2) Pengadilan HAM berwenang juga memeriksa dan memutus perkara pelanggaran
HAM yang berat yang dilakukan di luar batas teritorial wilayah Negara Republik
Indonesia olen warga negara Indonesia.
3) Pengadilan HAM tidak berwenang memeriksa dan memutus perkara pelanggaran hak
asasi manusia yang berat yang dilakukan oleh seseorang yạng berumur di bawah 18
(delapan belas) tahun pada saat kejahatan dilakukan
4) Pelanggaran hak asasi manusia yang berat meliputi:
a) Kejahatan genosida
b) Kejahatan terhadap kemanusiaan
Kejahatan Genosida, sebagaimana yang dimaksud dalam Pasal 7 huruf a adalah setiap
perbuatan yang dilakukan dengan maksud untuk menghancurkan atau memusnahkan seluruh
atau sebagian kelompok bangsa, ras, kelompok etnik, kelompok agama, dengan cara :
1) Membunuh anggota kelompok;
2) Mengakibatkan penderitan fisik atau mental yang berat terhadap anggota-anggota
kelompok;
3) Menciptakan kondisi kehidupan kelompok yang akan mengakibatkan kemusnahan secara
fisik baik seluruh atau sebagiannya;
4) Memaksakan tindakan-tindakan yang bertujuan mencegah kelahiran di dalam kelompok;
atau
5) Memindahkan secara paksa anak-anak dari kelompok tertentu kelompok lain.

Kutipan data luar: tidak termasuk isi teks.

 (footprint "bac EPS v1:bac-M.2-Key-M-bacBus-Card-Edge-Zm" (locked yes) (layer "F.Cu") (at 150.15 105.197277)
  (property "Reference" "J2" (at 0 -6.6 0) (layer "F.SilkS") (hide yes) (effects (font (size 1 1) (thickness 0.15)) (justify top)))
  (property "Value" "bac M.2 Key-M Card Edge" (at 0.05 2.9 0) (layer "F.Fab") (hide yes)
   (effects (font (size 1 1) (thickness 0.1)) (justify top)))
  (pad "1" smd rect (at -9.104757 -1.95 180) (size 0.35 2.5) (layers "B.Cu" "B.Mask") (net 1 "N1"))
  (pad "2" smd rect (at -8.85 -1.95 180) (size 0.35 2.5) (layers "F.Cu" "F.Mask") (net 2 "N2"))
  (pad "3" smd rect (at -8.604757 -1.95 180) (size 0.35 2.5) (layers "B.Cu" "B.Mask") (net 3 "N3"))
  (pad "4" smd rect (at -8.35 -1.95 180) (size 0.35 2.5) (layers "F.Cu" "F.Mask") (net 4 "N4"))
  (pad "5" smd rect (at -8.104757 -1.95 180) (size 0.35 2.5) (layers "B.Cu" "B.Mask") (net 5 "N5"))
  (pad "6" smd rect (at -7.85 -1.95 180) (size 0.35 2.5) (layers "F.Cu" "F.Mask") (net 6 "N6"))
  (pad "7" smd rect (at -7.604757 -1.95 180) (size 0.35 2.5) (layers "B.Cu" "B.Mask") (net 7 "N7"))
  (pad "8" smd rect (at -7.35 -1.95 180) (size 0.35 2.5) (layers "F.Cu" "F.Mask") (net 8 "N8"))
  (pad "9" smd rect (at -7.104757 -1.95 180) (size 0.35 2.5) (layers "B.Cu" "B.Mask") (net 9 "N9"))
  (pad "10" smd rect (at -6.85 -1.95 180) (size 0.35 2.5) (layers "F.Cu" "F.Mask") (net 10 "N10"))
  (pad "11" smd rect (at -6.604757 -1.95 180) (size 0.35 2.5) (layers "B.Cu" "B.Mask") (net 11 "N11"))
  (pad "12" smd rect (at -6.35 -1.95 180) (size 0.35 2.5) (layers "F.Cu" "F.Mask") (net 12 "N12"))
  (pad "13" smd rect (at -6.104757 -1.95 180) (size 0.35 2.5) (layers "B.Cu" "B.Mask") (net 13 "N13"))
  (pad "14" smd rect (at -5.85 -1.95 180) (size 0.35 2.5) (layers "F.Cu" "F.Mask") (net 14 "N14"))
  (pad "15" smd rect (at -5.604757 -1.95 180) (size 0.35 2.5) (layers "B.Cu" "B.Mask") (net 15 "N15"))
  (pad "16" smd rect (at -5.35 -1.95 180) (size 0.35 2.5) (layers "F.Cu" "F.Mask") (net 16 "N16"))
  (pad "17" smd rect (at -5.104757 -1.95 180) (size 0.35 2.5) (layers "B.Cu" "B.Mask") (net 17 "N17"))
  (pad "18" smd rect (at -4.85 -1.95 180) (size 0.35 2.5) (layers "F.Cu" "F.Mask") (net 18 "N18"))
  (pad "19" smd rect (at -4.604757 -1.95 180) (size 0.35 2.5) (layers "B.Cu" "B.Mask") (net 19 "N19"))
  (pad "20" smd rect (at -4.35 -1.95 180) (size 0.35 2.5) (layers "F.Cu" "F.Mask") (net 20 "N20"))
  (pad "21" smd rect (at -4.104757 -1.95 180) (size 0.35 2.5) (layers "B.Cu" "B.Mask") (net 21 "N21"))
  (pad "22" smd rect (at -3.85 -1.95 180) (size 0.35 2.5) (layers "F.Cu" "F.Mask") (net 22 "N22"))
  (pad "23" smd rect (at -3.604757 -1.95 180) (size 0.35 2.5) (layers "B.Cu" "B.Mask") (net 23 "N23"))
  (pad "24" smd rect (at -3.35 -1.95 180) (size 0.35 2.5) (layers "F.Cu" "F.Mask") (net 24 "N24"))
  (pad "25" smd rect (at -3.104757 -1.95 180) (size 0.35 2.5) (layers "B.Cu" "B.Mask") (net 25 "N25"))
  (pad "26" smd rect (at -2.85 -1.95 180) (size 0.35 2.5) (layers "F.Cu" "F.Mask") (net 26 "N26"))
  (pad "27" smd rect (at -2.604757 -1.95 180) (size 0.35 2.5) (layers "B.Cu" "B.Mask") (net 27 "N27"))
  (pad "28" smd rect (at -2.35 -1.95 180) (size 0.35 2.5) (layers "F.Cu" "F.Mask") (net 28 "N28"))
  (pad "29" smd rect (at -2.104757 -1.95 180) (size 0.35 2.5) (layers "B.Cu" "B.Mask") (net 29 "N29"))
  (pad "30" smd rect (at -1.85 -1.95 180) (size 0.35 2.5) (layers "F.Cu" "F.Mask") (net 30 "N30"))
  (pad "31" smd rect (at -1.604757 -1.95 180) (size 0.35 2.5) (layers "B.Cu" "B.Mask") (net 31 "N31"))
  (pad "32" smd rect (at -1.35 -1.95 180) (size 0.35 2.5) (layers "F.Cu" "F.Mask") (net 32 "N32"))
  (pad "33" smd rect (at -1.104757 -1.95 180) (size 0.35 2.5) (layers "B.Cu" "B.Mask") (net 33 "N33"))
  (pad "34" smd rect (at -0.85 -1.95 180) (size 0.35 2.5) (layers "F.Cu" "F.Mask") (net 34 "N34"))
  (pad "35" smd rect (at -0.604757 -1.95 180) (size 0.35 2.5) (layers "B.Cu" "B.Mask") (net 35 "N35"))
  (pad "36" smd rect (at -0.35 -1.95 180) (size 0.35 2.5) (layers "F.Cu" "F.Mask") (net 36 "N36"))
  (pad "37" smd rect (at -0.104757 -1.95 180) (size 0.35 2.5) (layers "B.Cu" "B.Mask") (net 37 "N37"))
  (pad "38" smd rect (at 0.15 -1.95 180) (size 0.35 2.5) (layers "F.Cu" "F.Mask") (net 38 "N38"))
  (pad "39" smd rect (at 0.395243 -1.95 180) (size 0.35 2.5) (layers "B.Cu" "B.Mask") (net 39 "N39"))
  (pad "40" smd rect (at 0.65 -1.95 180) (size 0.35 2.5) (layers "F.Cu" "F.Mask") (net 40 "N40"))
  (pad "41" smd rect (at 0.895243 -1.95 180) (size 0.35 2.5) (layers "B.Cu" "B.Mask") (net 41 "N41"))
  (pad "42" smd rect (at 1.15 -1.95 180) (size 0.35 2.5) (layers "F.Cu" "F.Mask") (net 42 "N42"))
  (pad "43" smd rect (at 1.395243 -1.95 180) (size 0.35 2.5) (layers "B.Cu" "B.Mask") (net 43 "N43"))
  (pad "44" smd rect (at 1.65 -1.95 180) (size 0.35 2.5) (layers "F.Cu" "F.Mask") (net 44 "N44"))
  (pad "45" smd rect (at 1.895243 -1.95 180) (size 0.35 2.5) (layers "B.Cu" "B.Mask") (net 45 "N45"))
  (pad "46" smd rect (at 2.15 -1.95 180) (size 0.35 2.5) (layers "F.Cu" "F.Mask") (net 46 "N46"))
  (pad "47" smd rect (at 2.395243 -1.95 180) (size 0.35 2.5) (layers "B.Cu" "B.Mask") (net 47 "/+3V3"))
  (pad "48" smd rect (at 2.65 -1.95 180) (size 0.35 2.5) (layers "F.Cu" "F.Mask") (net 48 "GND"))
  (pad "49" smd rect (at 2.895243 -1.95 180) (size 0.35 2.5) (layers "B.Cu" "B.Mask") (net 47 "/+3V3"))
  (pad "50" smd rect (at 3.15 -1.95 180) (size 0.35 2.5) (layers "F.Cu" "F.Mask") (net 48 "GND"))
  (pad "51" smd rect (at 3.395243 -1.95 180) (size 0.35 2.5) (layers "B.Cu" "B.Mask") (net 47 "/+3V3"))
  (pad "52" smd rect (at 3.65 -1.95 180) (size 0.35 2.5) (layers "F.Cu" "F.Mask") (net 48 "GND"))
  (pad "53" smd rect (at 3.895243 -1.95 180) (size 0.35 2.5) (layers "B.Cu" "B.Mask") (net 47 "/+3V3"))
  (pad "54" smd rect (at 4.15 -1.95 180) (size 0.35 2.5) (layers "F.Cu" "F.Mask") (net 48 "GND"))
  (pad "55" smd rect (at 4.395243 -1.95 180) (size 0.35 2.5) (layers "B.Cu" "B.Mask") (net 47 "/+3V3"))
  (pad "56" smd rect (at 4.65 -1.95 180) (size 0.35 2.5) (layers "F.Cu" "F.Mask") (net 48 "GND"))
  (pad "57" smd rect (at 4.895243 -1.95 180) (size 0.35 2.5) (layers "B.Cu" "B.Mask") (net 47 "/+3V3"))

Kejahatan terhadap kemanusian sebagaimana dimaksud dalam Pasal 7 huruf b adalah
salah satu perbuatan yang dilakukan sebagai bagian dari serangan yang meluas atau
sistematis yang diketahuinya bahwa serangan tersebut ditujukan secara langsung terhadap
penduduk sipil, yang berupa:
1) Pembunuhan;
2) Pemusnahan
3) Perbudakan
4) Pengusiran atau pemindahan penduduk secara paksa
5) Perampasan kemerdekaan atau perampasan kebebasan fisik lain secara sewenang-wenang
yang melanggar (asas-asas) ketentuan pokok hukum internasional;
6) Penyiksaan
7) Perkosaan, perbudakan seksual, pelacuran secara paksa atau bentuk-bentuk kekerasan
seksual lain yang setara
8) Penganiayaan terhadap suatu kelompok tertentu atau perkumpulan yang didasari
persamaan paham politik, ras, kebangsaan, etnis, budaya, agama, jenis kelamin atau
alasan lain yang telah diakui secara universal sebagai hal yang dilarang menurut hukum
internasional;
9) Penghilangan orang secara paksa; atau
10) Kejahatan apartheid
Di Indonesia pelanggaran HAM yang banyak terjadi adalah pelanggaran mengenai kejahatan
terhadap kemanusiaan hal ini terjadi karena adanya penyalahgunaan kekuasaan,
ketidaktegasan aparat penegak hukum, penyalahgunaan teknologi, kesenjangan sosial dan
ekonomi yang tinggi, dalam hal ini perlunya pemahaman HAM secara menyeluruh kepada
masyarakat agar tidak terjadinya pelanggan HAM dan Hak-hak manusia dapat dihargai.